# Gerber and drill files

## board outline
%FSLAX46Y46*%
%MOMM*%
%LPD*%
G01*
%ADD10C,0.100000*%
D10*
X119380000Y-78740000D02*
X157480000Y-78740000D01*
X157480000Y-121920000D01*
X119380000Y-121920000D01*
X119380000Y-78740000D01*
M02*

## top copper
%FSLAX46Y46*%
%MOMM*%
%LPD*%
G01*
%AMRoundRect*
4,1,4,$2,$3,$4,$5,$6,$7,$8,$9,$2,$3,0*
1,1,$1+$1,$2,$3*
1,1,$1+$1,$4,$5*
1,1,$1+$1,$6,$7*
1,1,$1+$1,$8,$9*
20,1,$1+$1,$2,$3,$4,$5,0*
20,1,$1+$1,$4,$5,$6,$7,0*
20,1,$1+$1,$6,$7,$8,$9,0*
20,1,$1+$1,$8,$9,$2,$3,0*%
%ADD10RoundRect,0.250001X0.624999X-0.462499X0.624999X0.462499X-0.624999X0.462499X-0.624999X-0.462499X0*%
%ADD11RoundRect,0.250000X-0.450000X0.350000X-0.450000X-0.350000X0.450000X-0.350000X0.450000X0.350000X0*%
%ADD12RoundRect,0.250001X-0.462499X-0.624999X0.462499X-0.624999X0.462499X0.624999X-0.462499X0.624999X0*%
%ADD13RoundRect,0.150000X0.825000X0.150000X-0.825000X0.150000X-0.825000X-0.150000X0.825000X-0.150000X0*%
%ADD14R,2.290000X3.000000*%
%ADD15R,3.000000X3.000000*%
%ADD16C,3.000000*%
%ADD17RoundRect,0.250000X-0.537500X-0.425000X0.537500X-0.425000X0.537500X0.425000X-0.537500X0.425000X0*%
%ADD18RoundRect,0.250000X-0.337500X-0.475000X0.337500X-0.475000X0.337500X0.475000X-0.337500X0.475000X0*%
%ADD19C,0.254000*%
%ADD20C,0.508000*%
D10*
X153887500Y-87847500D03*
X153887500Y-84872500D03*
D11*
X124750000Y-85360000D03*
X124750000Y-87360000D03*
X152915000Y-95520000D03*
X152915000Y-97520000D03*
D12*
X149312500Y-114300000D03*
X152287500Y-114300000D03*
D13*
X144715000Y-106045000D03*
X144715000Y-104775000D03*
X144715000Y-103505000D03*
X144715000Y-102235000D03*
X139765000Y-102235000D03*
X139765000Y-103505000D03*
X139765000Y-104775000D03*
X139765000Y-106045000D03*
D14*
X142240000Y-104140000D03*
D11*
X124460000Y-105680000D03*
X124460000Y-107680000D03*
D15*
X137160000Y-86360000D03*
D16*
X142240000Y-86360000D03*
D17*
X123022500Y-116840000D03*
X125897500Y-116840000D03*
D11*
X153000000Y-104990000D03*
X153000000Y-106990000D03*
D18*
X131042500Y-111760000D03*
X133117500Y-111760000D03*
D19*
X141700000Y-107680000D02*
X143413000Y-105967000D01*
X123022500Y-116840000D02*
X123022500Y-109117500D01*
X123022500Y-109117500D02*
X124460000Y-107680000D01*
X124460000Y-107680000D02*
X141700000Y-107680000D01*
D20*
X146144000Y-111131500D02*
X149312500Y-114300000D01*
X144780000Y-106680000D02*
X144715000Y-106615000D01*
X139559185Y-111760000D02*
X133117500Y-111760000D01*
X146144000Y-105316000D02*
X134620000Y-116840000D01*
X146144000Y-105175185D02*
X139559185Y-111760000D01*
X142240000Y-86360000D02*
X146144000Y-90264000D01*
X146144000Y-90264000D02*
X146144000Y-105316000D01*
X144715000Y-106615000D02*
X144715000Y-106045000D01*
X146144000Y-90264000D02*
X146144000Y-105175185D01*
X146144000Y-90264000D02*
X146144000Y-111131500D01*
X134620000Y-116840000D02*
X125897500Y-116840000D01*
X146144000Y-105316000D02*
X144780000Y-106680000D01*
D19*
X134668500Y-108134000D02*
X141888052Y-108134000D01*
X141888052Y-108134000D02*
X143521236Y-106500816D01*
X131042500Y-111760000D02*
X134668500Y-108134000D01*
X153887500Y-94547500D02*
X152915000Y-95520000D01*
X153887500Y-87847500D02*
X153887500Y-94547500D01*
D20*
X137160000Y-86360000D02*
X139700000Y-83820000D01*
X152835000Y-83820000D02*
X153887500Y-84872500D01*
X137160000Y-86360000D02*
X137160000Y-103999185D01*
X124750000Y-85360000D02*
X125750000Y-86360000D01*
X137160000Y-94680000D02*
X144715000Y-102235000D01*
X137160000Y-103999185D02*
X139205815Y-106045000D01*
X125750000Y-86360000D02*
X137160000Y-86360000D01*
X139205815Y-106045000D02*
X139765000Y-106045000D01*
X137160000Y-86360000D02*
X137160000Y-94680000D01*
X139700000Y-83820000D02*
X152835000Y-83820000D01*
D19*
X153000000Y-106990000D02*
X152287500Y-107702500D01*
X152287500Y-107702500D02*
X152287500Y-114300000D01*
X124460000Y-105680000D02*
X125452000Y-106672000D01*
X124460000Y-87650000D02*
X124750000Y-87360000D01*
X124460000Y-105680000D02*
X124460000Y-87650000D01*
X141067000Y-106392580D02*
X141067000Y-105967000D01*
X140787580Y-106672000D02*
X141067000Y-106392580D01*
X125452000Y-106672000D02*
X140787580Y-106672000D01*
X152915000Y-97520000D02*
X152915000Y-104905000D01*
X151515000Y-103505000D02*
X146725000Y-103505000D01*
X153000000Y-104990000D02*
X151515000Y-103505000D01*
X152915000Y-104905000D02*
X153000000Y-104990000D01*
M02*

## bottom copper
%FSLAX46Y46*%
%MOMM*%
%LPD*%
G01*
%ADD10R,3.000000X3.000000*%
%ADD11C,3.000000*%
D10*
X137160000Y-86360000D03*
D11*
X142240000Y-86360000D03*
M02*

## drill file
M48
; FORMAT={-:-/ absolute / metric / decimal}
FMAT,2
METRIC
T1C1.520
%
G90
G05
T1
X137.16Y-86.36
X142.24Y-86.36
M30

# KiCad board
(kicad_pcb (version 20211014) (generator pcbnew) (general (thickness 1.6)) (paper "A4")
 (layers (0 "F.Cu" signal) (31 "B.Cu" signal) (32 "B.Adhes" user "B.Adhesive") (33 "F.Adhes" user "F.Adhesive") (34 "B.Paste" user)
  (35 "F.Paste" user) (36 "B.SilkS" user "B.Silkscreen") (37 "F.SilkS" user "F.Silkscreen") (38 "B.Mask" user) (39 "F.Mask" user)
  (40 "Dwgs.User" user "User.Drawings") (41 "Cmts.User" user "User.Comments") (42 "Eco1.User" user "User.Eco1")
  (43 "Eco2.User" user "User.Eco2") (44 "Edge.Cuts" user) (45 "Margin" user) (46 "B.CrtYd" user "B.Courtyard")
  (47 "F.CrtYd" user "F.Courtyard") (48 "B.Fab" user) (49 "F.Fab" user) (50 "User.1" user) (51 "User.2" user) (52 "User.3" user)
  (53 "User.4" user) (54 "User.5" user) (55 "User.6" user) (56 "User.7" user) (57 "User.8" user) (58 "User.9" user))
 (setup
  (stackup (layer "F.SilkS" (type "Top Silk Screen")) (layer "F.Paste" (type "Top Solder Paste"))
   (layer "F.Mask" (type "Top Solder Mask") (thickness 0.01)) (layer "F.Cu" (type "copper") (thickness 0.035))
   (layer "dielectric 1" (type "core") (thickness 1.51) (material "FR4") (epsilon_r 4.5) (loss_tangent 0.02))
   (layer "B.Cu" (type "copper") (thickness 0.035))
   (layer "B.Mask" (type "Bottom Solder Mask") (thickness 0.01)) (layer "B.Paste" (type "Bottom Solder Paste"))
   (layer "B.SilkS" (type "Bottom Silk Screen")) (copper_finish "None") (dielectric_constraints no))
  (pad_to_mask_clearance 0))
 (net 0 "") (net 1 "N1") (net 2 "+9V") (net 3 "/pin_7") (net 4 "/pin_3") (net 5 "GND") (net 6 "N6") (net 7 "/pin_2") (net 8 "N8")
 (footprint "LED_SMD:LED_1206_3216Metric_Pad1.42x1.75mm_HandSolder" (layer "F.Cu") (at 153.8875 86.36 90)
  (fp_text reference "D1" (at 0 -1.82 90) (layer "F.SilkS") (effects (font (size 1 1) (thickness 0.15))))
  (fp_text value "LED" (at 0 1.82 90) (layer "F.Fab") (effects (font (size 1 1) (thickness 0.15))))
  (pad "1" smd roundrect (at -1.4875 0 90) (size 1.425 1.75) (layers "F.Cu" "F.Paste" "F.Mask") (roundrect_rratio 0.175439) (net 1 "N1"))
  (pad "2" smd roundrect (at 1.4875 0 90) (size 1.425 1.75) (layers "F.Cu" "F.Paste" "F.Mask") (roundrect_rratio 0.175439) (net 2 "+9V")))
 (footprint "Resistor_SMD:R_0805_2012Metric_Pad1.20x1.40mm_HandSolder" (layer "F.Cu") (at 124.75 86.36 -90)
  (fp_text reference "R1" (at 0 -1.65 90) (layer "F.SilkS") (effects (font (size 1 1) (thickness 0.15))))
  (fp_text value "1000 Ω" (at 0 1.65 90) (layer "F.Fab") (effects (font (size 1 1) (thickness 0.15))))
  (pad "1" smd roundrect (at -1 0 270) (size 1.2 1.4) (layers "F.Cu" "F.Paste" "F.Mask") (roundrect_rratio 0.208333) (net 2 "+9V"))
  (pad "2" smd roundrect (at 1 0 270) (size 1.2 1.4) (layers "F.Cu" "F.Paste" "F.Mask") (roundrect_rratio 0.208333) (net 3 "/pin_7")))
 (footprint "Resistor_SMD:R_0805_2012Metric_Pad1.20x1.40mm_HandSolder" (layer "F.Cu") (at 152.915 96.52 -90)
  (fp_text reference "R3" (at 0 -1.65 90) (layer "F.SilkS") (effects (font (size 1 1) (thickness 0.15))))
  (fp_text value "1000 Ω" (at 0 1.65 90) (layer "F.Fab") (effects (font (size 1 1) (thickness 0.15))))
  (pad "1" smd roundrect (at -1 0 270) (size 1.2 1.4) (layers "F.Cu" "F.Paste" "F.Mask") (roundrect_rratio 0.208333) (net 1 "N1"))
  (pad "2" smd roundrect (at 1 0 270) (size 1.2 1.4) (layers "F.Cu" "F.Paste" "F.Mask") (roundrect_rratio 0.208333) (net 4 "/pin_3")))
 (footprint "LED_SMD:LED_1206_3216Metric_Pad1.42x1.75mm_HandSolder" (layer "F.Cu") (at 150.8 114.3)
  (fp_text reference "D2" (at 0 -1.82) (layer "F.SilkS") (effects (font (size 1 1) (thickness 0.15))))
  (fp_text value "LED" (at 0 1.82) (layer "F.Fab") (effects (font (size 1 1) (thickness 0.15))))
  (pad "1" smd roundrect (at -1.4875 0) (size 1.425 1.75) (layers "F.Cu" "F.Paste" "F.Mask") (roundrect_rratio 0.175439) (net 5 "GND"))
  (pad "2" smd roundrect (at 1.4875 0) (size 1.425 1.75) (layers "F.Cu" "F.Paste" "F.Mask") (roundrect_rratio 0.175439) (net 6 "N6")))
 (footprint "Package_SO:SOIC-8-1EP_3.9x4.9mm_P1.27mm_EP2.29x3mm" (layer "F.Cu") (at 142.24 104.14 180)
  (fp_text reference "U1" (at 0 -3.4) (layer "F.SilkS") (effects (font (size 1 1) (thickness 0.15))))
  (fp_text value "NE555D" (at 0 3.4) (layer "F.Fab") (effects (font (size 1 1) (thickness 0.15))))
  (pad "" smd roundrect (at 0.57 0.75 180) (size 0.92 1.21) (layers "F.Paste") (roundrect_rratio 0.25))
  (pad "" smd roundrect (at -0.57 0.75 180) (size 0.92 1.21) (layers "F.Paste") (roundrect_rratio 0.25))
  (pad "" smd roundrect (at 0.57 -0.75 180) (size 0.92 1.21) (layers "F.Paste") (roundrect_rratio 0.25))
  (pad "" smd roundrect (at -0.57 -0.75 180) (size 0.92 1.21) (layers "F.Paste") (roundrect_rratio 0.25))
  (pad "1" smd roundrect (at -2.475 -1.905 180) (size 1.95 0.6) (layers "F.Cu" "F.Paste" "F.Mask") (roundrect_rratio 0.25) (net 5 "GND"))
  (pad "2" smd roundrect (at -2.475 -0.635 180) (size 1.95 0.6) (layers "F.Cu" "F.Paste" "F.Mask") (roundrect_rratio 0.25) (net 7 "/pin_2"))
  (pad "3" smd roundrect (at -2.475 0.635 180) (size 1.95 0.6) (layers "F.Cu" "F.Paste" "F.Mask") (roundrect_rratio 0.25) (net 4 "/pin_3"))
  (pad "4" smd roundrect (at -2.475 1.905 180) (size 1.95 0.6) (layers "F.Cu" "F.Paste" "F.Mask") (roundrect_rratio 0.25) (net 2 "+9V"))
  (pad "5" smd roundrect (at 2.475 1.905 180) (size 1.95 0.6) (layers "F.Cu" "F.Paste" "F.Mask") (roundrect_rratio 0.25) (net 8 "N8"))
  (pad "6" smd roundrect (at 2.475 0.635 180) (size 1.95 0.6) (layers "F.Cu" "F.Paste" "F.Mask") (roundrect_rratio 0.25) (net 7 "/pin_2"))
  (pad "7" smd roundrect (at 2.475 -0.635 180) (size 1.95 0.6) (layers "F.Cu" "F.Paste" "F.Mask") (roundrect_rratio 0.25) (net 3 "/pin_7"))
  (pad "8" smd roundrect (at 2.475 -1.905 180) (size 1.95 0.6) (layers "F.Cu" "F.Paste" "F.Mask") (roundrect_rratio 0.25) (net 2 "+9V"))
  (pad "9" smd rect (at 0 0 180) (size 2.29 3) (layers "F.Cu" "F.Mask")))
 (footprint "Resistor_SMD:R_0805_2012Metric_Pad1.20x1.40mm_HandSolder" (layer "F.Cu") (at 124.46 106.68 -90)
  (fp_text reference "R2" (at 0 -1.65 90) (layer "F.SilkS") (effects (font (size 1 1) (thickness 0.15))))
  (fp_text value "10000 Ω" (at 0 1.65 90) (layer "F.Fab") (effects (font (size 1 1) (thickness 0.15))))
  (pad "1" smd roundrect (at -1 0 270) (size 1.2 1.4) (layers "F.Cu" "F.Paste" "F.Mask") (roundrect_rratio 0.208333) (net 3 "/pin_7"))
  (pad "2" smd roundrect (at 1 0 270) (size 1.2 1.4) (layers "F.Cu" "F.Paste" "F.Mask") (roundrect_rratio 0.208333) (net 7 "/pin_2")))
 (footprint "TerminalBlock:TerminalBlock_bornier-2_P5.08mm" (layer "F.Cu") (at 137.16 86.36)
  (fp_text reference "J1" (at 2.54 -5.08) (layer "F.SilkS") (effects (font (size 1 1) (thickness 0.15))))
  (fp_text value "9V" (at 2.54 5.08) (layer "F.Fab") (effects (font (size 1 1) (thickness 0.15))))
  (pad "1" thru_hole rect (at 0 0) (size 3 3) (drill 1.52) (layers *.Cu *.Mask) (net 2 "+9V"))
  (pad "2" thru_hole circle (at 5.08 0) (size 3 3) (drill 1.52) (layers *.Cu *.Mask) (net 5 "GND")))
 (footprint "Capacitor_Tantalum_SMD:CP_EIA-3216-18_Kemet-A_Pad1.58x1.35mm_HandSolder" (layer "F.Cu") (at 124.46 116.84)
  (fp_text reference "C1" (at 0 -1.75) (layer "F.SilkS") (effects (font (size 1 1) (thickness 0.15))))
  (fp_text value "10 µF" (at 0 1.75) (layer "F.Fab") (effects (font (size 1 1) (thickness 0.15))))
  (pad "1" smd roundrect (at -1.4375 0) (size 1.575 1.35) (layers "F.Cu" "F.Paste" "F.Mask") (roundrect_rratio 0.185185) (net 7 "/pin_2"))
  (pad "2" smd roundrect (at 1.4375 0) (size 1.575 1.35) (layers "F.Cu" "F.Paste" "F.Mask") (roundrect_rratio 0.185185) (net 5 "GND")))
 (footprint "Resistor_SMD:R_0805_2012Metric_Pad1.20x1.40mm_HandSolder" (layer "F.Cu") (at 153 105.99 -90)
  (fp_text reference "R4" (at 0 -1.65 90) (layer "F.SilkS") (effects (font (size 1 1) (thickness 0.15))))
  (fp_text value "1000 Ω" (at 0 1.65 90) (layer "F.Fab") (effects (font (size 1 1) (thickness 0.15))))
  (pad "1" smd roundrect (at -1 0 270) (size 1.2 1.4) (layers "F.Cu" "F.Paste" "F.Mask") (roundrect_rratio 0.208333) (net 4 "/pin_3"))
  (pad "2" smd roundrect (at 1 0 270) (size 1.2 1.4) (layers "F.Cu" "F.Paste" "F.Mask") (roundrect_rratio 0.208333) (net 6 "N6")))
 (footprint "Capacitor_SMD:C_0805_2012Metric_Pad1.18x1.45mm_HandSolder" (layer "F.Cu") (at 132.08 111.76)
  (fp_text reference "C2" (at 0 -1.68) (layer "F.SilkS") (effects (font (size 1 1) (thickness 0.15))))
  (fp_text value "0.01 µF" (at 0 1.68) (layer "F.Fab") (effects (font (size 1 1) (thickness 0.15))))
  (pad "1" smd roundrect (at -1.0375 0) (size 1.175 1.45) (layers "F.Cu" "F.Paste" "F.Mask") (roundrect_rratio 0.212766) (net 8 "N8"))
  (pad "2" smd roundrect (at 1.0375 0) (size 1.175 1.45) (layers "F.Cu" "F.Paste" "F.Mask") (roundrect_rratio 0.212766) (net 5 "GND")))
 (gr_rect (start 119.38 78.74) (end 157.48 121.92) (layer "Edge.Cuts") (width 0.1) (fill none))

####

Activity -> Please copy, word for word, every line from the first line of the records through the line containing "1,1,$1+$1,$6,$7*", with both of those lines included and nothing else.

Solution ->
# Gerber and drill files

## board outline
%FSLAX46Y46*%
%MOMM*%
%LPD*%
G01*
%ADD10C,0.100000*%
D10*
X119380000Y-78740000D02*
X157480000Y-78740000D01*
X157480000Y-121920000D01*
X119380000Y-121920000D01*
X119380000Y-78740000D01*
M02*

## top copper
%FSLAX46Y46*%
%MOMM*%
%LPD*%
G01*
%AMRoundRect*
4,1,4,$2,$3,$4,$5,$6,$7,$8,$9,$2,$3,0*
1,1,$1+$1,$2,$3*
1,1,$1+$1,$4,$5*
1,1,$1+$1,$6,$7*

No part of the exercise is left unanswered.